### About this task
Look through the listing below, find every line with the string "justify", and copy it.

***

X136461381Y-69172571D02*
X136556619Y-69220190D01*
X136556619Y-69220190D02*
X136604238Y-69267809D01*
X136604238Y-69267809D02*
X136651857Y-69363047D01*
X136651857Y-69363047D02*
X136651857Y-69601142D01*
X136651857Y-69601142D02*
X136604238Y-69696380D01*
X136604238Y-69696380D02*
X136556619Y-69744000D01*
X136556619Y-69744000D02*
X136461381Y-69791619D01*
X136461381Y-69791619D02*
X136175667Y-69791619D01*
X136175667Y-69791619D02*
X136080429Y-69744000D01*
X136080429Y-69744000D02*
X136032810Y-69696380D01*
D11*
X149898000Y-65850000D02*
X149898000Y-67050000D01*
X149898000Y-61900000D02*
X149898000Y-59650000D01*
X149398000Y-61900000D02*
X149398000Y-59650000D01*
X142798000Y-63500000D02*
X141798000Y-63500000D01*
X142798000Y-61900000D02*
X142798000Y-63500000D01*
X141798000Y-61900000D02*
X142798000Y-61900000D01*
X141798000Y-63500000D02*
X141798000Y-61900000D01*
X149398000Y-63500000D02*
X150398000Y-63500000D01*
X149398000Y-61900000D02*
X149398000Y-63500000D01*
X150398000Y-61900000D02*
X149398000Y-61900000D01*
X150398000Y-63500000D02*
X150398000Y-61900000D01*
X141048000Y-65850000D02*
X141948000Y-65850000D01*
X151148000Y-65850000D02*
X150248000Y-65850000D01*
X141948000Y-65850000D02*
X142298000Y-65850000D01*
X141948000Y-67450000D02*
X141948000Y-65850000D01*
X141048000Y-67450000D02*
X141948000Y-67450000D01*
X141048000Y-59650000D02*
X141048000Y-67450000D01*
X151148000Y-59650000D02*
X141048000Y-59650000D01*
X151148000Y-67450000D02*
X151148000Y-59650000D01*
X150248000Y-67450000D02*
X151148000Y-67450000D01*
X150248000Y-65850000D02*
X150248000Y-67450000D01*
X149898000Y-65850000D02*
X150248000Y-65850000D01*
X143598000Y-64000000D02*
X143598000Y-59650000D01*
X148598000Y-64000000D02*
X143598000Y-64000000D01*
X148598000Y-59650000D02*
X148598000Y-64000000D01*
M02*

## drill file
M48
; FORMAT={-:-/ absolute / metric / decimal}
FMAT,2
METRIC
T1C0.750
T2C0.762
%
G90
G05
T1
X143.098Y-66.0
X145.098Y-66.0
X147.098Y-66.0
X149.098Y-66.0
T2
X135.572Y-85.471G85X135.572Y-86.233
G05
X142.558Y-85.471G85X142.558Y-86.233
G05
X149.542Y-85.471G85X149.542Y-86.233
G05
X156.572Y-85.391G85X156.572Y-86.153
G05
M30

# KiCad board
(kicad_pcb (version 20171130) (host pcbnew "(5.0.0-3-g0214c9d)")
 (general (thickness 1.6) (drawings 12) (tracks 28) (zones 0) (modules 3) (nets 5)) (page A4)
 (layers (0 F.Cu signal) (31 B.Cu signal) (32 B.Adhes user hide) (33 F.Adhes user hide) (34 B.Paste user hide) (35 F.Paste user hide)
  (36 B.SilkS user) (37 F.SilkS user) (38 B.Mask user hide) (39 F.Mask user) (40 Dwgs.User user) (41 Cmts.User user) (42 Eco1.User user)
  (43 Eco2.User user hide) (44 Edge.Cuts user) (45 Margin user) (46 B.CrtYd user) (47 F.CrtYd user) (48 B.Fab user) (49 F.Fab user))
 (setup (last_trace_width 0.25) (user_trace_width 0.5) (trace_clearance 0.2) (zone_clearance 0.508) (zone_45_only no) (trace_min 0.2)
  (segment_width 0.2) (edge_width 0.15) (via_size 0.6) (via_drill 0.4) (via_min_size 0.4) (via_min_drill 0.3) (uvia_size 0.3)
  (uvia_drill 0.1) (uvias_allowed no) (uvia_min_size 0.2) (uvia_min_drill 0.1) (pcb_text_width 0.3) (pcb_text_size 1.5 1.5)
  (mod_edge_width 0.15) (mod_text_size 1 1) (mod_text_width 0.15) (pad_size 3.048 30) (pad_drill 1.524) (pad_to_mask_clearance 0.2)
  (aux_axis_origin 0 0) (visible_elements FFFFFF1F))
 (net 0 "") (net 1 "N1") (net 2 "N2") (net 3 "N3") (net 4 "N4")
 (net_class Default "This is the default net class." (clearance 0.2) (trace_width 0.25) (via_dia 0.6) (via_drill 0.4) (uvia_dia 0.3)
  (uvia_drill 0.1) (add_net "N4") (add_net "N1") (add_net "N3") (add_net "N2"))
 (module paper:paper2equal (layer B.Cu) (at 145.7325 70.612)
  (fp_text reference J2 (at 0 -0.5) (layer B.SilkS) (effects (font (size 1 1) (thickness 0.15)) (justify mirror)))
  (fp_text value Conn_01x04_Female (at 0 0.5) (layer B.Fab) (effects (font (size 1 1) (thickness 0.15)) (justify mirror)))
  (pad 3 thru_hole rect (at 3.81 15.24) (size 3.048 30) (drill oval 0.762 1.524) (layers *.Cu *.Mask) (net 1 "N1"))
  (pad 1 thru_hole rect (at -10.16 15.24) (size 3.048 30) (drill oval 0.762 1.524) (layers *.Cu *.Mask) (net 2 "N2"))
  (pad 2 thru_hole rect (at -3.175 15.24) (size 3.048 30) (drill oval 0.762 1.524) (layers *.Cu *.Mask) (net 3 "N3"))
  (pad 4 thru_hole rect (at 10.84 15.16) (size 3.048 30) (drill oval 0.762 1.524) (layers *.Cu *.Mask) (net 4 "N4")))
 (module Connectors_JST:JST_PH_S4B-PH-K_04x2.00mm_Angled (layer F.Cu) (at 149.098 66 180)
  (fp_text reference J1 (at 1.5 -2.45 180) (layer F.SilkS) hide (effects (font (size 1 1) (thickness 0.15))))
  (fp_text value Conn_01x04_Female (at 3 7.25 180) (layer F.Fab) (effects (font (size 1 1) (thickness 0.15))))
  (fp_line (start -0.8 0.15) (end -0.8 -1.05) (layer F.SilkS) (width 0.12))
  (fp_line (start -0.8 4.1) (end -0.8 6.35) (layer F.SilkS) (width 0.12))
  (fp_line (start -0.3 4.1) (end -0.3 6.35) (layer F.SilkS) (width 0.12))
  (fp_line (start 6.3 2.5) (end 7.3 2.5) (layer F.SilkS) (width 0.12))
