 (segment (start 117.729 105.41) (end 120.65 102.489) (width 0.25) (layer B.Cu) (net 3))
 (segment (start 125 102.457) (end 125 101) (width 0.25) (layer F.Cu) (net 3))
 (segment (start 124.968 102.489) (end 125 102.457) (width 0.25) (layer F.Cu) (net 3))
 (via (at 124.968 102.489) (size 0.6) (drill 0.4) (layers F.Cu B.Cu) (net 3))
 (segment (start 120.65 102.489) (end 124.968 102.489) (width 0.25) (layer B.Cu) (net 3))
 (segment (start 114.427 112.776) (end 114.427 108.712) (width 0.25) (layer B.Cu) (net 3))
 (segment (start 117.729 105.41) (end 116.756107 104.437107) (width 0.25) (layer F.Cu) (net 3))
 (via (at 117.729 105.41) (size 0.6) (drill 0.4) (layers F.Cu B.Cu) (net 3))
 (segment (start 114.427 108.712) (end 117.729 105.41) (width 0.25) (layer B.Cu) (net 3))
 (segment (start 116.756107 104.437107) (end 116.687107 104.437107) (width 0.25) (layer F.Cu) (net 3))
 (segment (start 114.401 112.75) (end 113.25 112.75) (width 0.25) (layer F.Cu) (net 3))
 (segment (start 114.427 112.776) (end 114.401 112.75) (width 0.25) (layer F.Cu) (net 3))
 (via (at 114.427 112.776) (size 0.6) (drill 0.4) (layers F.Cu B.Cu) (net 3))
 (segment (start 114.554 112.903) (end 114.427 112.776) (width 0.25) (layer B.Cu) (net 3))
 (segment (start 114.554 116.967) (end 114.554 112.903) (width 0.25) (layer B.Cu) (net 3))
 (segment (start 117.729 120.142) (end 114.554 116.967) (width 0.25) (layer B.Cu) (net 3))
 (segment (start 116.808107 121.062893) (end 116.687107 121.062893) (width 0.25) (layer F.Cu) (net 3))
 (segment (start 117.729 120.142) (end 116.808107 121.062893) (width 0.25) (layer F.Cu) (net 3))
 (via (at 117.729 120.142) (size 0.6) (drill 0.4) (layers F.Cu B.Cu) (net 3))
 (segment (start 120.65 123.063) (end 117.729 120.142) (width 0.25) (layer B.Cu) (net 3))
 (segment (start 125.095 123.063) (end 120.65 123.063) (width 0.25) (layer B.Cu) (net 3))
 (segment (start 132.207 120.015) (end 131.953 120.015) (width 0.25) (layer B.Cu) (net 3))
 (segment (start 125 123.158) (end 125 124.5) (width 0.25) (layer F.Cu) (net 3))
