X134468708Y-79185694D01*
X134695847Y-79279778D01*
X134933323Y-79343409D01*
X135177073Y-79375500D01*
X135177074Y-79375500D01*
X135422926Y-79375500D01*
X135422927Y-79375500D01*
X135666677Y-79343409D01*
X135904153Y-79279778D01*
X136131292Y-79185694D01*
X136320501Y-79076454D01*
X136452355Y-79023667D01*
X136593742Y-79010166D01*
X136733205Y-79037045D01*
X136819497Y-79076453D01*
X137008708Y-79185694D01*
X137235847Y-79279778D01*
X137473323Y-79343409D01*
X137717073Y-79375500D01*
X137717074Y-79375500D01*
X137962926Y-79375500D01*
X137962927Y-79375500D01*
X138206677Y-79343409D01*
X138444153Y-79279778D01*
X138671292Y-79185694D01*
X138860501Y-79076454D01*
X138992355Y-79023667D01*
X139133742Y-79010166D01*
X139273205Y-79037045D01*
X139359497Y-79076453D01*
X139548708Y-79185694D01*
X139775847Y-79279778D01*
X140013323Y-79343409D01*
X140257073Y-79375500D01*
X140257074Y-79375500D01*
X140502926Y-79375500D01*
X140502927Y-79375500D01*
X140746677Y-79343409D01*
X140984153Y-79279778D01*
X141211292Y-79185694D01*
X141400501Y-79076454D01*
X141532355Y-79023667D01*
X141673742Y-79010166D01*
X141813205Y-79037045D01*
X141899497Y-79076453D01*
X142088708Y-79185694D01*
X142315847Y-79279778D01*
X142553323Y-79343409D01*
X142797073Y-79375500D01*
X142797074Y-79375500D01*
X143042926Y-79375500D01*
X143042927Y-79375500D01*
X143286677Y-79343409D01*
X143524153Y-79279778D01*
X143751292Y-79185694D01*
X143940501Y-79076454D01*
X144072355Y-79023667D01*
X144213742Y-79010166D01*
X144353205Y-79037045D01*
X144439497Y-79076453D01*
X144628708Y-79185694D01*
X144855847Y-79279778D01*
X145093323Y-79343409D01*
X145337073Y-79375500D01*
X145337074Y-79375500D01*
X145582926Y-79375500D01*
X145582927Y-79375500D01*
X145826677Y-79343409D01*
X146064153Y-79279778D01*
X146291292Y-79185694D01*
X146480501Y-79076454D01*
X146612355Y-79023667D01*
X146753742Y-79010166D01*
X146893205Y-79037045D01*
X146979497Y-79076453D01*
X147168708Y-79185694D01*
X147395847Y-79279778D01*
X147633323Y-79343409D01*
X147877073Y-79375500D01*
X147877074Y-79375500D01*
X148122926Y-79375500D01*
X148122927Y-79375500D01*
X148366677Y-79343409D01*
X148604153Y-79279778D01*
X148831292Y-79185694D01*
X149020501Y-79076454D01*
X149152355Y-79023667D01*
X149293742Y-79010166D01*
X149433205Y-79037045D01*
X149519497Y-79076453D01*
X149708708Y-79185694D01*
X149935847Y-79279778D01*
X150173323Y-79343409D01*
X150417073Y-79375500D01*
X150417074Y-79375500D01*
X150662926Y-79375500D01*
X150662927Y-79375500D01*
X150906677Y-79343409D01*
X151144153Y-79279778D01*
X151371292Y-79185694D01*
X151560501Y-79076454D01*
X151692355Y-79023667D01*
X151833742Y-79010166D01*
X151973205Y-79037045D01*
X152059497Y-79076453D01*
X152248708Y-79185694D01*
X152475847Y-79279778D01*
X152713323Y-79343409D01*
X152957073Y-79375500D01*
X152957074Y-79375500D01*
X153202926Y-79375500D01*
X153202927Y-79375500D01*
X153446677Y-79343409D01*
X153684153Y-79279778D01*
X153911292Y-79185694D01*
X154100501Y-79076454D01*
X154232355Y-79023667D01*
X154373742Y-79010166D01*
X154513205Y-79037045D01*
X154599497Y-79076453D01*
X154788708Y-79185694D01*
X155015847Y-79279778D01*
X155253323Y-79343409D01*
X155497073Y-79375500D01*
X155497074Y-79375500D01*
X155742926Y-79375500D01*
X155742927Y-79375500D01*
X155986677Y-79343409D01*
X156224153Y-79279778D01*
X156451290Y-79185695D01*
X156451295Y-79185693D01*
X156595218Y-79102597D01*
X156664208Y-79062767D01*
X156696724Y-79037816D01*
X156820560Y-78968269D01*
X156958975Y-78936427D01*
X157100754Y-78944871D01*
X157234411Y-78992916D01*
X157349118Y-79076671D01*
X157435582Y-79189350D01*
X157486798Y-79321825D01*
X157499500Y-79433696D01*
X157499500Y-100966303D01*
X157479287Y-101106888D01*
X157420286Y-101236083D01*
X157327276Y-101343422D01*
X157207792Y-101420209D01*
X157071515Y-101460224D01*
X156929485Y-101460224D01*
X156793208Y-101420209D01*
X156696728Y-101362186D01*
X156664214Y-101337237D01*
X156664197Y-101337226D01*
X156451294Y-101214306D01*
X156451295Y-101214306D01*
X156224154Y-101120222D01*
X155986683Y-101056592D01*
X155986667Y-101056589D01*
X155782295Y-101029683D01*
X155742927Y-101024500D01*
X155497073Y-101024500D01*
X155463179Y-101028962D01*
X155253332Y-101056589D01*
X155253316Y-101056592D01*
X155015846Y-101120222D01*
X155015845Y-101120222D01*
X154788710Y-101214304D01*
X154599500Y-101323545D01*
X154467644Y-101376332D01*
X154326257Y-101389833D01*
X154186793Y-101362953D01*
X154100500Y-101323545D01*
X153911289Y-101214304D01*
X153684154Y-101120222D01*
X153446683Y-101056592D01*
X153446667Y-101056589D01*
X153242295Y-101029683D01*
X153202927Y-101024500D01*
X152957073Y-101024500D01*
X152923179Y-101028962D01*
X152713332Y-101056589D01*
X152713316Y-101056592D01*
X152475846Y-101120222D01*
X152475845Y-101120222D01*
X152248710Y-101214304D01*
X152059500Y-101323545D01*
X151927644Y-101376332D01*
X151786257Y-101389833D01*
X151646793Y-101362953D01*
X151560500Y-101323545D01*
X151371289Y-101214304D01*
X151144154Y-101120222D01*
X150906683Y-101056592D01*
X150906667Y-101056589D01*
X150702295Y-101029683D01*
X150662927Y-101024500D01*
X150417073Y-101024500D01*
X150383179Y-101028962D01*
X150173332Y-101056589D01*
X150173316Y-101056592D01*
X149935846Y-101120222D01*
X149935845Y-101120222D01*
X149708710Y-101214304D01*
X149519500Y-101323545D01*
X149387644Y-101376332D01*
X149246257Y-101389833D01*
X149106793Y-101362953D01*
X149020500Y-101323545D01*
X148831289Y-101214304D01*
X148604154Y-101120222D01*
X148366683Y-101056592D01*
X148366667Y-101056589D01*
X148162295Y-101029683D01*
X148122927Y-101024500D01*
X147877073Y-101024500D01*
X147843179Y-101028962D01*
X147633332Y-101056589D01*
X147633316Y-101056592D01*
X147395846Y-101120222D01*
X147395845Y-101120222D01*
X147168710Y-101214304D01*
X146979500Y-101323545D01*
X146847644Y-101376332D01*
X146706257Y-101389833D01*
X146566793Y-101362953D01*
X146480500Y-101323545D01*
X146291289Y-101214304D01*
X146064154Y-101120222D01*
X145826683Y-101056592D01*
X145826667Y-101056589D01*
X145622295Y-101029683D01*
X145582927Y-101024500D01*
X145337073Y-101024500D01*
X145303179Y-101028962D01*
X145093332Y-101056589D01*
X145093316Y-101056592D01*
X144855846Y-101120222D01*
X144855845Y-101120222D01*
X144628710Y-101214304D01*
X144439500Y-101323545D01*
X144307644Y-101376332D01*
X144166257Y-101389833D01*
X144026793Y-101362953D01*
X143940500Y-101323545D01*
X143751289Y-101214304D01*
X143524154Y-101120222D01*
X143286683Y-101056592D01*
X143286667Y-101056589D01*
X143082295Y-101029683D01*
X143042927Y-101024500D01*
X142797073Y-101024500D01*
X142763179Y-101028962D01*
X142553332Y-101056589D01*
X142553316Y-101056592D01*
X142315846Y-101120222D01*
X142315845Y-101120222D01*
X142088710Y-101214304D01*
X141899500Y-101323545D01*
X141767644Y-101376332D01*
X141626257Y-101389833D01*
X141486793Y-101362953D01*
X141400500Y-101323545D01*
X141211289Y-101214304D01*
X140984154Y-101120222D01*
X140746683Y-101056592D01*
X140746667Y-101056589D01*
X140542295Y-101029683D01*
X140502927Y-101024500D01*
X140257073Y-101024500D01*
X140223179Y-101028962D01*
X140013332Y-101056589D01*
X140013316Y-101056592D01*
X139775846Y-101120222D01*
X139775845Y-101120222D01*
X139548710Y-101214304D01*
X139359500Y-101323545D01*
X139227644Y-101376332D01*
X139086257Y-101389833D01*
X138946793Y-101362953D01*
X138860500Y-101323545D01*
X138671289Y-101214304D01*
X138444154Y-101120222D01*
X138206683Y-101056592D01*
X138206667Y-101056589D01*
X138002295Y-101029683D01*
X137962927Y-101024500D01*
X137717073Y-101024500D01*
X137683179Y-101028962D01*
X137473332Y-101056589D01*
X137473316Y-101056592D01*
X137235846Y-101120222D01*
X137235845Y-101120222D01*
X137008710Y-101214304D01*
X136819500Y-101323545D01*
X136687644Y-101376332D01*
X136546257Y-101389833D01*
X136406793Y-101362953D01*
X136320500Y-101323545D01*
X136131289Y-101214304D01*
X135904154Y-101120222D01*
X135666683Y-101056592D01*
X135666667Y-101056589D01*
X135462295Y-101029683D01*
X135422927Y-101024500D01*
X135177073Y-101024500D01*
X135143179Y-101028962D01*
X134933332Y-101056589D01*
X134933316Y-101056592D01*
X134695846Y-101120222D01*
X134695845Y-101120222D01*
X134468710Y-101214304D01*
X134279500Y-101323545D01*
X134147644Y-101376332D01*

***

### Exercise result
  (fp_text reference J2 (at 0 -0.5) (layer B.SilkS) (effects (font (size 1 1) (thickness 0.15)) (justify mirror)))
  (fp_text value Conn_01x04_Female (at 0 0.5) (layer B.Fab) (effects (font (size 1 1) (thickness 0.15)) (justify mirror)))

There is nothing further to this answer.